> [SOURCE MATERIAL]
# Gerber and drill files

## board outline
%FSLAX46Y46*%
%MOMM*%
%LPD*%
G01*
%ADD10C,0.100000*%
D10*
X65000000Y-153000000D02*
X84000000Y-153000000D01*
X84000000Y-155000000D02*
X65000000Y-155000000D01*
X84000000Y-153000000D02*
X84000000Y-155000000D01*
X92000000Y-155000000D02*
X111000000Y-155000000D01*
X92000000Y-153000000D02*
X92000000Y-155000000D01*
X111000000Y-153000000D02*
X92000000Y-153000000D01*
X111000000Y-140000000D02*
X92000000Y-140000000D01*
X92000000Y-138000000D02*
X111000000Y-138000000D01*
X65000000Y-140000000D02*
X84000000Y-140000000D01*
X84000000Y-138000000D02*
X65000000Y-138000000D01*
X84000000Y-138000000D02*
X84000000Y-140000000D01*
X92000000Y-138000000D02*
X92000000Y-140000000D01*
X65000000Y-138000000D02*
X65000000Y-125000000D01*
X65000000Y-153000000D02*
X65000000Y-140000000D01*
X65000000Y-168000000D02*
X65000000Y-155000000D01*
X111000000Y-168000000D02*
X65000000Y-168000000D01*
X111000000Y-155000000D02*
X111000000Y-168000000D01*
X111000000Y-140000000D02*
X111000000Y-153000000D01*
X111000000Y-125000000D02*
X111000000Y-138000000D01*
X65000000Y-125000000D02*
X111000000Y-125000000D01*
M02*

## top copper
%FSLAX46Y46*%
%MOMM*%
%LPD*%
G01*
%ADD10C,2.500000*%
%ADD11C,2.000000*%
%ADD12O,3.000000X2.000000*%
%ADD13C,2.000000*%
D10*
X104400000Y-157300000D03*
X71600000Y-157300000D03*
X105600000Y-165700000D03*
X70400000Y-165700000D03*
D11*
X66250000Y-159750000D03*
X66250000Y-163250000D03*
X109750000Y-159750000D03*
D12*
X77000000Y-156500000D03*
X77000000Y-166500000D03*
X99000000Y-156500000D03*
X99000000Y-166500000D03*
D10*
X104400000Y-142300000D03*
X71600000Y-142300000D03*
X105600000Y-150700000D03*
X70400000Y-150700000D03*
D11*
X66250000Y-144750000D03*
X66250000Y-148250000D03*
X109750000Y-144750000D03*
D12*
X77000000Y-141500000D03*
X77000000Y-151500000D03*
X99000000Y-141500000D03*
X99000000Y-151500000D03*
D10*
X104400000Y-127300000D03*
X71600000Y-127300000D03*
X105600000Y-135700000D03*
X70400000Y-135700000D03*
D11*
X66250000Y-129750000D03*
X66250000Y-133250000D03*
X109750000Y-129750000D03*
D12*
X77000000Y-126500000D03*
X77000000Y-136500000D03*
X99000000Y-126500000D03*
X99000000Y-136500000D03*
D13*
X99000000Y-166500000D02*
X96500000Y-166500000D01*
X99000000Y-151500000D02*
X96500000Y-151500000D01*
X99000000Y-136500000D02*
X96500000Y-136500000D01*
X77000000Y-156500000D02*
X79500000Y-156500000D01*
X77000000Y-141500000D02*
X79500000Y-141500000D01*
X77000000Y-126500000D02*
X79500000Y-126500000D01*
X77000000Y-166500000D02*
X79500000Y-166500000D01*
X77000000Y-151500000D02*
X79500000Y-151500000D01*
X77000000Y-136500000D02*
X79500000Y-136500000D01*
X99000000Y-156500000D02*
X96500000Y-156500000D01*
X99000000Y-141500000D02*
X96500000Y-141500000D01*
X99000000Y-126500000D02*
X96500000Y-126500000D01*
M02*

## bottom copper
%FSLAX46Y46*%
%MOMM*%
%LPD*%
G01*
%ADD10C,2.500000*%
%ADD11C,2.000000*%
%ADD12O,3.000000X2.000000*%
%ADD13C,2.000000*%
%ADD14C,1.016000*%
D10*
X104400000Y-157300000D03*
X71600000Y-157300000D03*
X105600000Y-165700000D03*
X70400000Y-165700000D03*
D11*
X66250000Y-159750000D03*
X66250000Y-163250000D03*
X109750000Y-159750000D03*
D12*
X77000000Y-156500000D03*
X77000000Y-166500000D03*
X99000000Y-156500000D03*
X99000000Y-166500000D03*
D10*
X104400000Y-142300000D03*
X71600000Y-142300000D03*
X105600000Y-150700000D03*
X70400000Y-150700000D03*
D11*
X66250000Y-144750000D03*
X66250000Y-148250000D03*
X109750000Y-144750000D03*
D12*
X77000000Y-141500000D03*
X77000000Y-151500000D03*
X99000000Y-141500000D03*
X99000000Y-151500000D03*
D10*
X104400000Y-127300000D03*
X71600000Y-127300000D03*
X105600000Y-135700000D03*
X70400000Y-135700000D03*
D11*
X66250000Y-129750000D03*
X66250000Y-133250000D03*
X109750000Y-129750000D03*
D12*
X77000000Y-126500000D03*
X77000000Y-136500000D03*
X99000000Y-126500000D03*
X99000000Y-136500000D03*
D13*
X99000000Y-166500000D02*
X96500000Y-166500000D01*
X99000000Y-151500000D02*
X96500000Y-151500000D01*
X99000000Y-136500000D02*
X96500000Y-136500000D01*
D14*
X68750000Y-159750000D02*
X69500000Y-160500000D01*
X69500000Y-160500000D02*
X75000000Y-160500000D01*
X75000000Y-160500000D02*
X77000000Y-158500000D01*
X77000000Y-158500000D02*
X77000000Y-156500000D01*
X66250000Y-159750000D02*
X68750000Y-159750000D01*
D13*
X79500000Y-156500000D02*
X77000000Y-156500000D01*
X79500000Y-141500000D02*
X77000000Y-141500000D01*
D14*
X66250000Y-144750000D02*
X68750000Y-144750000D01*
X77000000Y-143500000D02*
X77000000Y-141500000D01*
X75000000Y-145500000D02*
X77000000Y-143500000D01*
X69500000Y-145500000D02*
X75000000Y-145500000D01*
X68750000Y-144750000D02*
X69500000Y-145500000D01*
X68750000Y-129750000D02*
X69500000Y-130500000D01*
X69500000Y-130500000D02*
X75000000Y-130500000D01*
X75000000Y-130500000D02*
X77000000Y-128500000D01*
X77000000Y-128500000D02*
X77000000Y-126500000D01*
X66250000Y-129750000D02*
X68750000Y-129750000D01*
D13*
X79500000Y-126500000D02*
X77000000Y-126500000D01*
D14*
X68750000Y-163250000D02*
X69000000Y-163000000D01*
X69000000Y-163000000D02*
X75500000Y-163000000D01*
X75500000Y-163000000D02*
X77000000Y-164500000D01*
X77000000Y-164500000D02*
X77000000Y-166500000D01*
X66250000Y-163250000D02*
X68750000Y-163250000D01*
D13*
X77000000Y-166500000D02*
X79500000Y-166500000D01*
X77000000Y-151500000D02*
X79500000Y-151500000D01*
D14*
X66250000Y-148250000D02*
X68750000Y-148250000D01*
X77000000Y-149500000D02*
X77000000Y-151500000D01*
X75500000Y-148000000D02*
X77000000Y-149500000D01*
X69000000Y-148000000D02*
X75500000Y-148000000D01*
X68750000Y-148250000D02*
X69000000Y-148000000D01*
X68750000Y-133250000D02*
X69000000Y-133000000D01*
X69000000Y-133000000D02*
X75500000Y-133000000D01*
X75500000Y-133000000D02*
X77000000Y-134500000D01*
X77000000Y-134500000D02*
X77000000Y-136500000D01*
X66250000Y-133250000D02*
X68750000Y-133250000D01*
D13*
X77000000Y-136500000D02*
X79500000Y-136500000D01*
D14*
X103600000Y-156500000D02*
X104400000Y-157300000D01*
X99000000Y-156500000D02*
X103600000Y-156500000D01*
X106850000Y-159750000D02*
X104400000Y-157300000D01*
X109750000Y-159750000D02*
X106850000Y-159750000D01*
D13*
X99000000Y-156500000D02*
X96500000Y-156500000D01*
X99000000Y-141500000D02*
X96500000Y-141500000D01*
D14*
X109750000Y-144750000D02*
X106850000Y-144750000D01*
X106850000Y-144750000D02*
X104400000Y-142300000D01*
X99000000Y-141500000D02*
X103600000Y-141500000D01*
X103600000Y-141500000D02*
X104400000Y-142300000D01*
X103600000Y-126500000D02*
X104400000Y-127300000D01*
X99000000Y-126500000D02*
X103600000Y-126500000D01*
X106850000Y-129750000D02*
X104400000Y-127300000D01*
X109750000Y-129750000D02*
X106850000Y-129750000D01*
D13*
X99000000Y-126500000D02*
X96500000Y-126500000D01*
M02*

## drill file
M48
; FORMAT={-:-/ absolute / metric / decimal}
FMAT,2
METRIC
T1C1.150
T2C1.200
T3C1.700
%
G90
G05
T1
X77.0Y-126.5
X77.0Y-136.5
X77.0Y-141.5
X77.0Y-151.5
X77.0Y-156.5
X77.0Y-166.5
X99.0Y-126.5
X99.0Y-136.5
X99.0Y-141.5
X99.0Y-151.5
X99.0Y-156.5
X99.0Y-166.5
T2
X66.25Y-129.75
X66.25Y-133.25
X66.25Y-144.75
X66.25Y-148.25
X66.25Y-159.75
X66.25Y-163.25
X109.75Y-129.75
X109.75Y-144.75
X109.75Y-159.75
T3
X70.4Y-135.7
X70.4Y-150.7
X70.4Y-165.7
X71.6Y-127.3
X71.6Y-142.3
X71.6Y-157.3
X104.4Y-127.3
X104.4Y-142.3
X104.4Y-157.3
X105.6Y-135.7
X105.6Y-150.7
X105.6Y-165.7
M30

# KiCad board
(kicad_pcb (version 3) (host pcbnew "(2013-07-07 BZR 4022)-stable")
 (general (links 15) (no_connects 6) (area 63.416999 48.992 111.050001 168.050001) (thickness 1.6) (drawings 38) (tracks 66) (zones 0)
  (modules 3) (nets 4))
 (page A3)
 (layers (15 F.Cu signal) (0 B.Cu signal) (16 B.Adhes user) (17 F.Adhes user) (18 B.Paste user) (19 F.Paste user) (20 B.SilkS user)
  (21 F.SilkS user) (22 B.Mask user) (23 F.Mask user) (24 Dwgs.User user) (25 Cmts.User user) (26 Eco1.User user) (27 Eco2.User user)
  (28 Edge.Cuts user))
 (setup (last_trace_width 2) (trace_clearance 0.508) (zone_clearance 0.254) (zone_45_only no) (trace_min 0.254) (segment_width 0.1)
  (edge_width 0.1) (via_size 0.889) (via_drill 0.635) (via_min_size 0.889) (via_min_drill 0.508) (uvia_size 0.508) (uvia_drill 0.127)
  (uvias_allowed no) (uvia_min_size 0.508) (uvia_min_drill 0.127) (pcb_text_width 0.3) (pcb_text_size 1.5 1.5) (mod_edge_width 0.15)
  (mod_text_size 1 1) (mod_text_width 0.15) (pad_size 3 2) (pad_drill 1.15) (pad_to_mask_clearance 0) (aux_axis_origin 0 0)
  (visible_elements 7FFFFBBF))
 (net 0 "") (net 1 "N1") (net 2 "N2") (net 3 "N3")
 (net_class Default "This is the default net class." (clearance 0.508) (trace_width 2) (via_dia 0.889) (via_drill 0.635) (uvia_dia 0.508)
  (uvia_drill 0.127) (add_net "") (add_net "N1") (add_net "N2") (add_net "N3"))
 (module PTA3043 (layer F.Cu) (at 88 161.5)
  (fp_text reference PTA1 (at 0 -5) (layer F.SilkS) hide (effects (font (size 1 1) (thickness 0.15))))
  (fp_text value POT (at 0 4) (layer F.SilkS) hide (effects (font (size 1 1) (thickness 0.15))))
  (pad 7 thru_hole circle (at 16.4 -4.2) (size 2.5 2.5) (drill 1.7) (layers *.Cu *.Mask F.SilkS))
  (pad 6 thru_hole circle (at -16.4 -4.2) (size 2.5 2.5) (drill 1.7) (layers *.Cu *.Mask F.SilkS))
  (pad 5 thru_hole circle (at 17.6 4.2) (size 2.5 2.5) (drill 1.7) (layers *.Cu *.Mask F.SilkS))
  (pad 4 thru_hole circle (at -17.6 4.2) (size 2.5 2.5) (drill 1.7) (layers *.Cu *.Mask F.SilkS))
  (pad 1 thru_hole circle (at -21.75 -1.75) (size 2 2) (drill 1.2) (layers *.Cu *.Mask F.SilkS) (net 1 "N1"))
  (pad 2 thru_hole circle (at -21.75 1.75) (size 2 2) (drill 1.2) (layers *.Cu *.Mask F.SilkS) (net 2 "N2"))
  (pad 3 thru_hole circle (at 21.75 -1.75) (size 2 2) (drill 1.2) (layers *.Cu *.Mask F.SilkS) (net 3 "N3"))
  (pad 1 thru_hole oval (at -11 -5) (size 3 2) (drill 1.15) (layers *.Cu *.Mask F.SilkS) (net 1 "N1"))
  (pad 2 thru_hole oval (at -11 5) (size 3 2) (drill 1.15) (layers *.Cu *.Mask F.SilkS) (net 2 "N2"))
  (pad 3 thru_hole oval (at 11 -5) (size 3 2) (drill 1.15) (layers *.Cu *.Mask F.SilkS) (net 3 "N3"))
  (pad 8 thru_hole oval (at 11 5) (size 3 2) (drill 1.15) (layers *.Cu *.Mask F.SilkS)))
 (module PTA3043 (layer F.Cu) (at 88 146.5)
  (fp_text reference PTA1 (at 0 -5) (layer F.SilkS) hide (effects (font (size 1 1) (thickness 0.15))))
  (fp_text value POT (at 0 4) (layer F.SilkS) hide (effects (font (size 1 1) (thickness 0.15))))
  (pad 7 thru_hole circle (at 16.4 -4.2) (size 2.5 2.5) (drill 1.7) (layers *.Cu *.Mask F.SilkS))
  (pad 6 thru_hole circle (at -16.4 -4.2) (size 2.5 2.5) (drill 1.7) (layers *.Cu *.Mask F.SilkS))
  (pad 5 thru_hole circle (at 17.6 4.2) (size 2.5 2.5) (drill 1.7) (layers *.Cu *.Mask F.SilkS))
  (pad 4 thru_hole circle (at -17.6 4.2) (size 2.5 2.5) (drill 1.7) (layers *.Cu *.Mask F.SilkS))
  (pad 1 thru_hole circle (at -21.75 -1.75) (size 2 2) (drill 1.2) (layers *.Cu *.Mask F.SilkS) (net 1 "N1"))
  (pad 2 thru_hole circle (at -21.75 1.75) (size 2 2) (drill 1.2) (layers *.Cu *.Mask F.SilkS) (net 2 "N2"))
  (pad 3 thru_hole circle (at 21.75 -1.75) (size 2 2) (drill 1.2) (layers *.Cu *.Mask F.SilkS) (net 3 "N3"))
  (pad 1 thru_hole oval (at -11 -5) (size 3 2) (drill 1.15) (layers *.Cu *.Mask F.SilkS) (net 1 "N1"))
  (pad 2 thru_hole oval (at -11 5) (size 3 2) (drill 1.15) (layers *.Cu *.Mask F.SilkS) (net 2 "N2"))
  (pad 3 thru_hole oval (at 11 -5) (size 3 2) (drill 1.15) (layers *.Cu *.Mask F.SilkS) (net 3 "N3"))
  (pad 8 thru_hole oval (at 11 5) (size 3 2) (drill 1.15) (layers *.Cu *.Mask F.SilkS)))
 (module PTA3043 (layer F.Cu) (at 88 131.5)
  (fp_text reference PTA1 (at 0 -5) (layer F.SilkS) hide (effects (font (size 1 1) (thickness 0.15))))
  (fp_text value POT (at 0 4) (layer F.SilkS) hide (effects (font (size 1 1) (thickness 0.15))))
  (pad 7 thru_hole circle (at 16.4 -4.2) (size 2.5 2.5) (drill 1.7) (layers *.Cu *.Mask F.SilkS))
  (pad 6 thru_hole circle (at -16.4 -4.2) (size 2.5 2.5) (drill 1.7) (layers *.Cu *.Mask F.SilkS))
  (pad 5 thru_hole circle (at 17.6 4.2) (size 2.5 2.5) (drill 1.7) (layers *.Cu *.Mask F.SilkS))
  (pad 4 thru_hole circle (at -17.6 4.2) (size 2.5 2.5) (drill 1.7) (layers *.Cu *.Mask F.SilkS))
  (pad 1 thru_hole circle (at -21.75 -1.75) (size 2 2) (drill 1.2) (layers *.Cu *.Mask F.SilkS) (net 1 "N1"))
  (pad 2 thru_hole circle (at -21.75 1.75) (size 2 2) (drill 1.2) (layers *.Cu *.Mask F.SilkS) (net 2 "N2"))
  (pad 3 thru_hole circle (at 21.75 -1.75) (size 2 2) (drill 1.2) (layers *.Cu *.Mask F.SilkS) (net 3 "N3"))
  (pad 1 thru_hole oval (at -11 -5) (size 3 2) (drill 1.15) (layers *.Cu *.Mask F.SilkS) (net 1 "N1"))
  (pad 2 thru_hole oval (at -11 5) (size 3 2) (drill 1.15) (layers *.Cu *.Mask F.SilkS) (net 2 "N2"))
  (pad 3 thru_hole oval (at 11 -5) (size 3 2) (drill 1.15) (layers *.Cu *.Mask F.SilkS) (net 3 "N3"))
  (pad 8 thru_hole oval (at 11 5) (size 3 2) (drill 1.15) (layers *.Cu *.Mask F.SilkS)))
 (gr_line (start 65 153) (end 84 153) (angle 90) (layer Edge.Cuts) (width 0.1))
 (gr_line (start 84 155) (end 65 155) (angle 90) (layer Edge.Cuts) (width 0.1))
 (gr_line (start 84 153) (end 84 155) (angle 90) (layer Edge.Cuts) (width 0.1))
 (gr_line (start 92 155) (end 111 155) (angle 90) (layer Edge.Cuts) (width 0.1))
 (gr_line (start 92 153) (end 92 155) (angle 90) (layer Edge.Cuts) (width 0.1))
 (gr_line (start 111 153) (end 92 153) (angle 90) (layer Edge.Cuts) (width 0.1))
 (gr_line (start 111 140) (end 92 140) (angle 90) (layer Edge.Cuts) (width 0.1))
 (gr_line (start 92 138) (end 111 138) (angle 90) (layer Edge.Cuts) (width 0.1))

> [WORK TASK]
Would you please copy exactly the part of the entries above that begins at the line containing "X68750000Y-144750000D01*" and ends at the line containing "X103600000Y-156500000D02*", both lines included?

> [SOLUTION TO THIS EXERCISE]
X68750000Y-144750000D01*
X77000000Y-143500000D02*
X77000000Y-141500000D01*
X75000000Y-145500000D02*
X77000000Y-143500000D01*
X69500000Y-145500000D02*
X75000000Y-145500000D01*
X68750000Y-144750000D02*
X69500000Y-145500000D01*
X68750000Y-129750000D02*
X69500000Y-130500000D01*
X69500000Y-130500000D02*
X75000000Y-130500000D01*
X75000000Y-130500000D02*
X77000000Y-128500000D01*
X77000000Y-128500000D02*
X77000000Y-126500000D01*
X66250000Y-129750000D02*
X68750000Y-129750000D01*
D13*
X79500000Y-126500000D02*
X77000000Y-126500000D01*
D14*
X68750000Y-163250000D02*
X69000000Y-163000000D01*
X69000000Y-163000000D02*
X75500000Y-163000000D01*
X75500000Y-163000000D02*
X77000000Y-164500000D01*
X77000000Y-164500000D02*
X77000000Y-166500000D01*
X66250000Y-163250000D02*
X68750000Y-163250000D01*
D13*
X77000000Y-166500000D02*
X79500000Y-166500000D01*
X77000000Y-151500000D02*
X79500000Y-151500000D01*
D14*
X66250000Y-148250000D02*
X68750000Y-148250000D01*
X77000000Y-149500000D02*
X77000000Y-151500000D01*
X75500000Y-148000000D02*
X77000000Y-149500000D01*
X69000000Y-148000000D02*
X75500000Y-148000000D01*
X68750000Y-148250000D02*
X69000000Y-148000000D01*
X68750000Y-133250000D02*
X69000000Y-133000000D01*
X69000000Y-133000000D02*
X75500000Y-133000000D01*
X75500000Y-133000000D02*
X77000000Y-134500000D01*
X77000000Y-134500000D02*
X77000000Y-136500000D01*
X66250000Y-133250000D02*
X68750000Y-133250000D01*
D13*
X77000000Y-136500000D02*
X79500000Y-136500000D01*
D14*
X103600000Y-156500000D02*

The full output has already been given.